China Keeps Gorging on U.S. Pistachios Despite Tariff Threat
U.S. pistachio growers like Jim Zion braced for the worst last year when the nut got caught up in America’s escalating trade tensions with China — complete with potential tariffs of as much as 45 percent. “We were concerned that with the trade war, we were going to see a dramatic reduction in shipments,” said Zion, managing partner of Meridian Growers in Fresno, California. “China is one of our largest markets.” But that didn’t happen. U.S. pistachio exports to China rose 7 percent to a record 108 million pounds in the crop year through August, according to the Administrative Committee for Pistachios, and another 10 percent in the six months since. Turns out that a bit of luck — the second-largest producer, Iran, had a bad crop — coupled with the China’s big appetite for pistachios, sustained demand, price threat and all. Chinese “consumers really want these nuts and the U.S. has them,” said Roland Fumasi, an analyst for RaboResearch. “They don’t have a lot of choices.
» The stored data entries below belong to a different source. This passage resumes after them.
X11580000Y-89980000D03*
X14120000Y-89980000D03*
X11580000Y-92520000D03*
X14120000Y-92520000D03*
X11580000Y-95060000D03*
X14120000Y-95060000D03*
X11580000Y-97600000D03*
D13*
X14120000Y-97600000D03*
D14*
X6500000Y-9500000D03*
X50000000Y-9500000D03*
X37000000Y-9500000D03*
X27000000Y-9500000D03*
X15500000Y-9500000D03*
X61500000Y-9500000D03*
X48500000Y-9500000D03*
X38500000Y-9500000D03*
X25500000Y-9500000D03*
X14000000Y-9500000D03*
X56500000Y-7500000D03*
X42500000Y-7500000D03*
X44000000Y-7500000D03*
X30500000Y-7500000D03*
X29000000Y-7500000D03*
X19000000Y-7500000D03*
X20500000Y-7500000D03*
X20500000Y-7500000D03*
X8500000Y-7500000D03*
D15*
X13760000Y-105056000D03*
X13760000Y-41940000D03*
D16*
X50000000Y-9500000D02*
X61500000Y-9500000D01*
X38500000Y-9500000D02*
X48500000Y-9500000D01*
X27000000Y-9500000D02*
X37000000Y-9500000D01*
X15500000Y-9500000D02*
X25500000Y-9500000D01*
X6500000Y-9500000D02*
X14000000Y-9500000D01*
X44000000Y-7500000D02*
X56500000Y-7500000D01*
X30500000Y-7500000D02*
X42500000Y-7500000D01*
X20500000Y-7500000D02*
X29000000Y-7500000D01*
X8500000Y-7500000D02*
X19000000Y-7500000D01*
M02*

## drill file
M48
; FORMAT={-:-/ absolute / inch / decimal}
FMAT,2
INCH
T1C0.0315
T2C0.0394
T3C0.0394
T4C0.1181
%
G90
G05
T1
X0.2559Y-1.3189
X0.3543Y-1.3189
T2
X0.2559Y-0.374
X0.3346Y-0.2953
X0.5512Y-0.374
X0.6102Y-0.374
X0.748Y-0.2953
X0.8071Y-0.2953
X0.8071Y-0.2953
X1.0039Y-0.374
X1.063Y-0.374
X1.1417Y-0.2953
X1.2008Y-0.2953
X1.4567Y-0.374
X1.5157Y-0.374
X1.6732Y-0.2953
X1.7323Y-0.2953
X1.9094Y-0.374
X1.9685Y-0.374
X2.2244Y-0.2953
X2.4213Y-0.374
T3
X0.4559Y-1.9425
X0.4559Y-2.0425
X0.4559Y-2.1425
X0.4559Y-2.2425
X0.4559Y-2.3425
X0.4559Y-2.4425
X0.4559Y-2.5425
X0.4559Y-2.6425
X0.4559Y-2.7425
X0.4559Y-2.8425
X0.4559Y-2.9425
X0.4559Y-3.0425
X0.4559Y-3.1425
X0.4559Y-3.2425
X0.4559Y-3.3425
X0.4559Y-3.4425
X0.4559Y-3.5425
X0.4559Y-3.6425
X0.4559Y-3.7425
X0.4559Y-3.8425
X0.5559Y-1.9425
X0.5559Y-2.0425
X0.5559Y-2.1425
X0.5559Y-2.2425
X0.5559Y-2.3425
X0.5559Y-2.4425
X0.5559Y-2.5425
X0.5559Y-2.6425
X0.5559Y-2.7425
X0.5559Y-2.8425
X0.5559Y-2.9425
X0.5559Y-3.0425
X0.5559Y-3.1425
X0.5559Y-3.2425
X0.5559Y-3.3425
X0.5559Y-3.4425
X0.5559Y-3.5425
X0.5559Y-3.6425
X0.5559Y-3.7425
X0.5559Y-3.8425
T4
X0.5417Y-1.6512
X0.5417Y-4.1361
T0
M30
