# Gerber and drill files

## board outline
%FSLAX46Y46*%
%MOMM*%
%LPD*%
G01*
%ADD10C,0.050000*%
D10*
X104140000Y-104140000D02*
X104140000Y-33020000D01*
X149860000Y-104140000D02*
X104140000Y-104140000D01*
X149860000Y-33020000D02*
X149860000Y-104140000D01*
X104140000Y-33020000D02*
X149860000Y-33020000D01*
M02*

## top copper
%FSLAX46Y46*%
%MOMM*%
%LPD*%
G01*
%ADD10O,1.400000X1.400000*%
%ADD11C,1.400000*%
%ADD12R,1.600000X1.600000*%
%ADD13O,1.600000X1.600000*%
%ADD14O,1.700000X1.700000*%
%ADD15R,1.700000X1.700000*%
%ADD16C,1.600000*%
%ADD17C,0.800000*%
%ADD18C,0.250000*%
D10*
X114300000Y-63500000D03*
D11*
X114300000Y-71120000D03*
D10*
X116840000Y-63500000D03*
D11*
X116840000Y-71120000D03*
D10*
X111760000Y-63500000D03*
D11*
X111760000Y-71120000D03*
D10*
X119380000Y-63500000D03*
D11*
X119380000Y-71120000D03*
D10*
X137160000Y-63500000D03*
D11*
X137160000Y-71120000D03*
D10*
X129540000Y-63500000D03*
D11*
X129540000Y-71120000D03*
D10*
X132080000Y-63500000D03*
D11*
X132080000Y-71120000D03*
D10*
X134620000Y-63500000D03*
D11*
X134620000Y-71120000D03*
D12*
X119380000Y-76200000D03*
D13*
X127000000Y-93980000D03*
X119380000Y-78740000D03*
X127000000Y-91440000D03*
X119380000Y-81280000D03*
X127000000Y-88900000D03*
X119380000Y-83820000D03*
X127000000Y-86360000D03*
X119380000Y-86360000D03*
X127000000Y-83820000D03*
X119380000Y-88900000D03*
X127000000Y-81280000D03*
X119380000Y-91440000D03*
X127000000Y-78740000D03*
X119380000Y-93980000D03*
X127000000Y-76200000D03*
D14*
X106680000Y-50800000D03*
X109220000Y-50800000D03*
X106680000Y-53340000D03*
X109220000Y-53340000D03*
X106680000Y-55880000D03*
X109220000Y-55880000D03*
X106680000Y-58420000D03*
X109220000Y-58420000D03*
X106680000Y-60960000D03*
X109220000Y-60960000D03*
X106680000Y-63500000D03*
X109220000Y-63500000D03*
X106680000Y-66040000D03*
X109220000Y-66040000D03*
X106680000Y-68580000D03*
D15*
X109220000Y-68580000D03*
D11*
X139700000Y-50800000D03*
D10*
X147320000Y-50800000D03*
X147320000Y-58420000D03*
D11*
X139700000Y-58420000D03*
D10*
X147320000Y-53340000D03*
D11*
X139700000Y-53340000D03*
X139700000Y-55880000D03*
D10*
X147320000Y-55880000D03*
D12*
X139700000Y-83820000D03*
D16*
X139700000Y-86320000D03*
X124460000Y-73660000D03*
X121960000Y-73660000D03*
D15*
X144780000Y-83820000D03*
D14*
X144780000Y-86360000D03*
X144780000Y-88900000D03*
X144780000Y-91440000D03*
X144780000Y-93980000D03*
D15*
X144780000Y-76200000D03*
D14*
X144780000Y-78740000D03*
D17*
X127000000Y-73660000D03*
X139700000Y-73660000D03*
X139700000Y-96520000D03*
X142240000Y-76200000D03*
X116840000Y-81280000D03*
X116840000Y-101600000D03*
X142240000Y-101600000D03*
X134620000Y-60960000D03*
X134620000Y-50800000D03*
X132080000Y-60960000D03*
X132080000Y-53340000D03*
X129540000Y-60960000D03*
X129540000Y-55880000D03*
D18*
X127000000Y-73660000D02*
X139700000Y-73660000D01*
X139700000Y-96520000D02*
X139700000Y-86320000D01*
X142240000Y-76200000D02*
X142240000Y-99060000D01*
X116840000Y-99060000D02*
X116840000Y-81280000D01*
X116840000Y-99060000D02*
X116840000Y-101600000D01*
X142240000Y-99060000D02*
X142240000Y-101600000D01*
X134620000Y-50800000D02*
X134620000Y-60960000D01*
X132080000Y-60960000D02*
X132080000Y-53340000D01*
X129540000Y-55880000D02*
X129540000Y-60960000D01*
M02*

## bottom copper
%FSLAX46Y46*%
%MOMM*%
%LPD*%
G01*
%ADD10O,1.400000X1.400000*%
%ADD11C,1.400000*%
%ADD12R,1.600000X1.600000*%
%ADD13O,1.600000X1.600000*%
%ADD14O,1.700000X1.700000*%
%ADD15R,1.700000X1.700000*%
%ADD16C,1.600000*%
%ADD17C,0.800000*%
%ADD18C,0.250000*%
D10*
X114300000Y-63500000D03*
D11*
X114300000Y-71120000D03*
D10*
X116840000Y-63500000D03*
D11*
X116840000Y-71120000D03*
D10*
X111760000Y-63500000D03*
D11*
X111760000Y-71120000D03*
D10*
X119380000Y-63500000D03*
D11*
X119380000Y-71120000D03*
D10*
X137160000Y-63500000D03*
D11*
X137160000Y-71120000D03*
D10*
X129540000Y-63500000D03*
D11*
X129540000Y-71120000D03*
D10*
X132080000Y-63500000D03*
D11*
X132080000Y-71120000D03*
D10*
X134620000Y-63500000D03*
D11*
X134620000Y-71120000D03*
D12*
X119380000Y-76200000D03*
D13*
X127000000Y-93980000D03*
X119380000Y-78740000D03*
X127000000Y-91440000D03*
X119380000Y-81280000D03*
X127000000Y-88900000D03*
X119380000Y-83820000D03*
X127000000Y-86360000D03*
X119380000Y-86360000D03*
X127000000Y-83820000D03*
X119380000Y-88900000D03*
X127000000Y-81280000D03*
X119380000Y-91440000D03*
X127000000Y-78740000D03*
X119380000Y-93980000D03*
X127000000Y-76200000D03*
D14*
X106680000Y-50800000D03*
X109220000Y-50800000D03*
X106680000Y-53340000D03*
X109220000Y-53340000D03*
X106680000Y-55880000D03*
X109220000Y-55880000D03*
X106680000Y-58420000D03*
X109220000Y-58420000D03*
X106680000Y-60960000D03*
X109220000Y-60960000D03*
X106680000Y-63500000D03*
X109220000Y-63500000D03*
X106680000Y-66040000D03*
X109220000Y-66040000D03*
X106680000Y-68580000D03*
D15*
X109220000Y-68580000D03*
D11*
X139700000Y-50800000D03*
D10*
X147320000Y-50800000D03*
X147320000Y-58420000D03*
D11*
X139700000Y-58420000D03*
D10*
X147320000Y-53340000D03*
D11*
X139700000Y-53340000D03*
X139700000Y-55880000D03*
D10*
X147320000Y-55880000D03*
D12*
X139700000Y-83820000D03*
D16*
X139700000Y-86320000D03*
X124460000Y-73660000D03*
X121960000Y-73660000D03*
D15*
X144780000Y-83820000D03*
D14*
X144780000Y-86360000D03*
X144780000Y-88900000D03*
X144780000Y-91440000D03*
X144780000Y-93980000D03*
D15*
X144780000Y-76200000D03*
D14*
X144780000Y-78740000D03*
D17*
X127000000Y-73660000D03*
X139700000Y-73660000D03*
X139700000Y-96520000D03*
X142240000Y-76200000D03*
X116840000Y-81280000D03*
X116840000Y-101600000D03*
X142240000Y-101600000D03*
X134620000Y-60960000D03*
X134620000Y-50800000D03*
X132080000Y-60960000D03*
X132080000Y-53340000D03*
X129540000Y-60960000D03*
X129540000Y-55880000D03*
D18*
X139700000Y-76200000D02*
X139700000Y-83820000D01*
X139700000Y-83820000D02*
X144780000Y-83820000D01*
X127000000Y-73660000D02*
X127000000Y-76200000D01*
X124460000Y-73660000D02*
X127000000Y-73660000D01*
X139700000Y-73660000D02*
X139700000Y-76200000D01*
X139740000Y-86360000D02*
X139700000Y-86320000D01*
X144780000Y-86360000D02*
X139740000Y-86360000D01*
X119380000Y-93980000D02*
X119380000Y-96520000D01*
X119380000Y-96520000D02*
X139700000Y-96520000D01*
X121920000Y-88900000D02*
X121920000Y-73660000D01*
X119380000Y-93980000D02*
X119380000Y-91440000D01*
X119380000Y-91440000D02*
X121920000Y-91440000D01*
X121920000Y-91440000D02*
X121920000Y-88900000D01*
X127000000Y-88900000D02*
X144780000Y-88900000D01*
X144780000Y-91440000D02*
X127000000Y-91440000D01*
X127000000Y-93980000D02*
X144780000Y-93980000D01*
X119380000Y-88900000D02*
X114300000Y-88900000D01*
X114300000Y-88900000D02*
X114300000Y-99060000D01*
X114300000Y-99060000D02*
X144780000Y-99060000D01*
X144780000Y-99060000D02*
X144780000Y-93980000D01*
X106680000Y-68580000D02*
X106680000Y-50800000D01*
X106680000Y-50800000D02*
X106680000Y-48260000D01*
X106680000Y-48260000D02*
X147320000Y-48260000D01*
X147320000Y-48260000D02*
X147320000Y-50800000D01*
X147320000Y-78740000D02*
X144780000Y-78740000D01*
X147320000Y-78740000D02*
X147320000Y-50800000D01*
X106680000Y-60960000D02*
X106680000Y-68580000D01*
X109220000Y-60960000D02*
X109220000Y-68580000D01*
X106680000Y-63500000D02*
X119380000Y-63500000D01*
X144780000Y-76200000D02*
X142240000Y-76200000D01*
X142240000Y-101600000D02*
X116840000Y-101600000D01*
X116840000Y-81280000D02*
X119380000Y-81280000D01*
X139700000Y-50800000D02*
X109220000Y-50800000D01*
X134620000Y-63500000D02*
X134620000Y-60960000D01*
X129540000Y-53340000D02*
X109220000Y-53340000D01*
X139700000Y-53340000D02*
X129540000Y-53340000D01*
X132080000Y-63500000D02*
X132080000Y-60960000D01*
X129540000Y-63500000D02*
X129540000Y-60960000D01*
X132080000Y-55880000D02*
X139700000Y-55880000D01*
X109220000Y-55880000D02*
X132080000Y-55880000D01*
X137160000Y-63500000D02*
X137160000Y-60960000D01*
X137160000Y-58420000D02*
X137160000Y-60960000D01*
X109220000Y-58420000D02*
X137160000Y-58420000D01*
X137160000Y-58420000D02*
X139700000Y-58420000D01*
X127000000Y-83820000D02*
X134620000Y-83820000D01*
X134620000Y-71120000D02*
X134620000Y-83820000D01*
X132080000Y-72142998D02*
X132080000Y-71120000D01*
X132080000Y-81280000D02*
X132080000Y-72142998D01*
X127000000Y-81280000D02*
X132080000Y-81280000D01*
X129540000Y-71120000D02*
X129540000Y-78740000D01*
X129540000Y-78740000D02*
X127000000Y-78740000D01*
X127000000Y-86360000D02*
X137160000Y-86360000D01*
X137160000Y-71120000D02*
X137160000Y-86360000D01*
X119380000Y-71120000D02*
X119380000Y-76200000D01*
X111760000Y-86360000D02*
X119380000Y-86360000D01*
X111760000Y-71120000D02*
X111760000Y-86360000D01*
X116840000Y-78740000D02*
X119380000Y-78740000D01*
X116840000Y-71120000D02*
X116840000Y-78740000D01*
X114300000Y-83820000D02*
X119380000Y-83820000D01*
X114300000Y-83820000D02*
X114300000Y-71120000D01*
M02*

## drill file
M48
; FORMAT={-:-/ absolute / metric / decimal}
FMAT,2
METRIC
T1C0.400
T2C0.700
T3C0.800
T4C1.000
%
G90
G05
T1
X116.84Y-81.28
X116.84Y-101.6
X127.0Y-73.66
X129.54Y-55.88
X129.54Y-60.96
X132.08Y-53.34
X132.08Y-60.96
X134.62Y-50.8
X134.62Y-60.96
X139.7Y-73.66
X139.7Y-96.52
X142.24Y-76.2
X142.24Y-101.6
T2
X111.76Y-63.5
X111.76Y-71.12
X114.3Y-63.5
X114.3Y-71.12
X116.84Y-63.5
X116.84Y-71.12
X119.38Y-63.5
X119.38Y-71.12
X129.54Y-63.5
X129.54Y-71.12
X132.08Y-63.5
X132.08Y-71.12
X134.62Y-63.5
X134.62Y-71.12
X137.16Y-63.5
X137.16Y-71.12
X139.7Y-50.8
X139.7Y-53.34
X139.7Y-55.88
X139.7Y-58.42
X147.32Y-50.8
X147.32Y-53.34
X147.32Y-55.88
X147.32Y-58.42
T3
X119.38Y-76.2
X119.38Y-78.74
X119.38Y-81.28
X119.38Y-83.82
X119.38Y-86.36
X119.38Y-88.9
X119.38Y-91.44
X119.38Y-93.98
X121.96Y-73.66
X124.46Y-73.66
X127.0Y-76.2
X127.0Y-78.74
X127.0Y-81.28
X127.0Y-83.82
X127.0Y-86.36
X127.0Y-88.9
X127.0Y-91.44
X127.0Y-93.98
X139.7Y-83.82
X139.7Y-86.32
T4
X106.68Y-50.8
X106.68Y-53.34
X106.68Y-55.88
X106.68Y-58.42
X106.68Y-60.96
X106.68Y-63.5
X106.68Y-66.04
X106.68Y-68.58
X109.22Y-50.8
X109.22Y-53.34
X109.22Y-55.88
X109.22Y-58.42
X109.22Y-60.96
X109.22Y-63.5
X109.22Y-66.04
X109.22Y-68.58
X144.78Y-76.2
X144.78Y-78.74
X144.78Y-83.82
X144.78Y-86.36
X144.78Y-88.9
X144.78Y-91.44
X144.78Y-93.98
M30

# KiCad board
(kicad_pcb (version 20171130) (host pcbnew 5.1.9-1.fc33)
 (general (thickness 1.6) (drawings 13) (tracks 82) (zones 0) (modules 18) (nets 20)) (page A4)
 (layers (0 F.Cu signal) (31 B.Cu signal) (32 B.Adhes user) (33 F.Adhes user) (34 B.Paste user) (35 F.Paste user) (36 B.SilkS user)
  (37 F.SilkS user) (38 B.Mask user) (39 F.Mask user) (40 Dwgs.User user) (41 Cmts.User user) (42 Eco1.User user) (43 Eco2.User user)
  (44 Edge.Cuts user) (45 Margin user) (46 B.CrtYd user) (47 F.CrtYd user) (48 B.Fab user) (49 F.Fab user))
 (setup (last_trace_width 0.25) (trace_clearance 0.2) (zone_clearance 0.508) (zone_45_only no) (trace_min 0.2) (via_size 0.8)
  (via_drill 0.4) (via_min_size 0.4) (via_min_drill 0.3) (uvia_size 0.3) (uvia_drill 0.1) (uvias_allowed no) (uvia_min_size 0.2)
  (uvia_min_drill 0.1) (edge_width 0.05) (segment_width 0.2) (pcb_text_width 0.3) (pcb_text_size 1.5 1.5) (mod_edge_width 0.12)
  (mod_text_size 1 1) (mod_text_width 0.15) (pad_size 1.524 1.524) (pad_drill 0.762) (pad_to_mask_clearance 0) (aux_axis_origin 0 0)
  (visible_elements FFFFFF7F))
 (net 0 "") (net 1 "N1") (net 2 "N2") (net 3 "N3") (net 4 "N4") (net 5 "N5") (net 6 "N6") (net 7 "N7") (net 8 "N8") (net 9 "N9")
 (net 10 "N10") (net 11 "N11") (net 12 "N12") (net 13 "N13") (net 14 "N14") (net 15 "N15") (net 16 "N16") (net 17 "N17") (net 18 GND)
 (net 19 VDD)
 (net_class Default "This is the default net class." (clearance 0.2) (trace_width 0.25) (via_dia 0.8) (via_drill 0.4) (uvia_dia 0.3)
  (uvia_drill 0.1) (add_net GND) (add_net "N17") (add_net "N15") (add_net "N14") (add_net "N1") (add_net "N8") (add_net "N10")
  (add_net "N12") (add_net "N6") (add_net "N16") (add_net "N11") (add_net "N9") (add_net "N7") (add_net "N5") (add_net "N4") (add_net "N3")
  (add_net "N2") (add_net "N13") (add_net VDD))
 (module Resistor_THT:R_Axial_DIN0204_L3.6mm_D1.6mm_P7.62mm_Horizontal (layer F.Cu) (at 114.3 71.12 90)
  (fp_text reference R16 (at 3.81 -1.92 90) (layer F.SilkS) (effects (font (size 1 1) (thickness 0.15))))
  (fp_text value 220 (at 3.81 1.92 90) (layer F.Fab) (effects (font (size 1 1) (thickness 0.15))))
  (pad 2 thru_hole oval (at 7.62 0 90) (size 1.4 1.4) (drill 0.7) (layers *.Cu *.Mask) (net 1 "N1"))
  (pad 1 thru_hole circle (at 0 0 90) (size 1.4 1.4) (drill 0.7) (layers *.Cu *.Mask) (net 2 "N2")))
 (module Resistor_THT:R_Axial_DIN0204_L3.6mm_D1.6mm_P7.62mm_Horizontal (layer F.Cu) (at 116.84 71.12 90)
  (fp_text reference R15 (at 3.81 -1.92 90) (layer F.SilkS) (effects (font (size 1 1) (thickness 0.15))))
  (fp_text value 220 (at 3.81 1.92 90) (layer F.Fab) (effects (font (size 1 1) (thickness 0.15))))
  (pad 2 thru_hole oval (at 7.62 0 90) (size 1.4 1.4) (drill 0.7) (layers *.Cu *.Mask) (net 1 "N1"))
  (pad 1 thru_hole circle (at 0 0 90) (size 1.4 1.4) (drill 0.7) (layers *.Cu *.Mask) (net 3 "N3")))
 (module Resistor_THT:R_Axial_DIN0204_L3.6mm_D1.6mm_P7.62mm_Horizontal (layer F.Cu) (at 111.76 71.12 90)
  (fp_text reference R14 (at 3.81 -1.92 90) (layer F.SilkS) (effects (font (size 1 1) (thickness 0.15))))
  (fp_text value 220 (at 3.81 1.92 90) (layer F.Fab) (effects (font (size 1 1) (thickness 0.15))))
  (pad 2 thru_hole oval (at 7.62 0 90) (size 1.4 1.4) (drill 0.7) (layers *.Cu *.Mask) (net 1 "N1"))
That’s what is driving this.” The new tariffs on pistachios were announced in April as part of China’s retaliation to President Trump’s steel and aluminum levies, with additional taxes announced in June bringing the potential tariff rate to as high as 45 percent — up from just 5 percent originally. But with the nut a popular gift for holidays like the Chinese New Year, buyers haven’t curbed their demand from the U.S., the world’s biggest supplier. About two-thirds of American pistachio shipments went to international markets last year, with China and Hong Kong the biggest customers by far. There could also be more at play — including lower-than-expected tariffs being collected. With China and the U.S. still in talks about potentially ending their trade war, China has since rolled back some U.S.-specific agricultural tariffs. China may also not be collecting the full tariffs while the talks on a potential deal are ongoing. Chinese President Xi Jinping on Thursday said the two sides had “reached new consensus” on issues like the text of a trade agreement, according to Xinhua. Trump said a deal was probably still weeks away.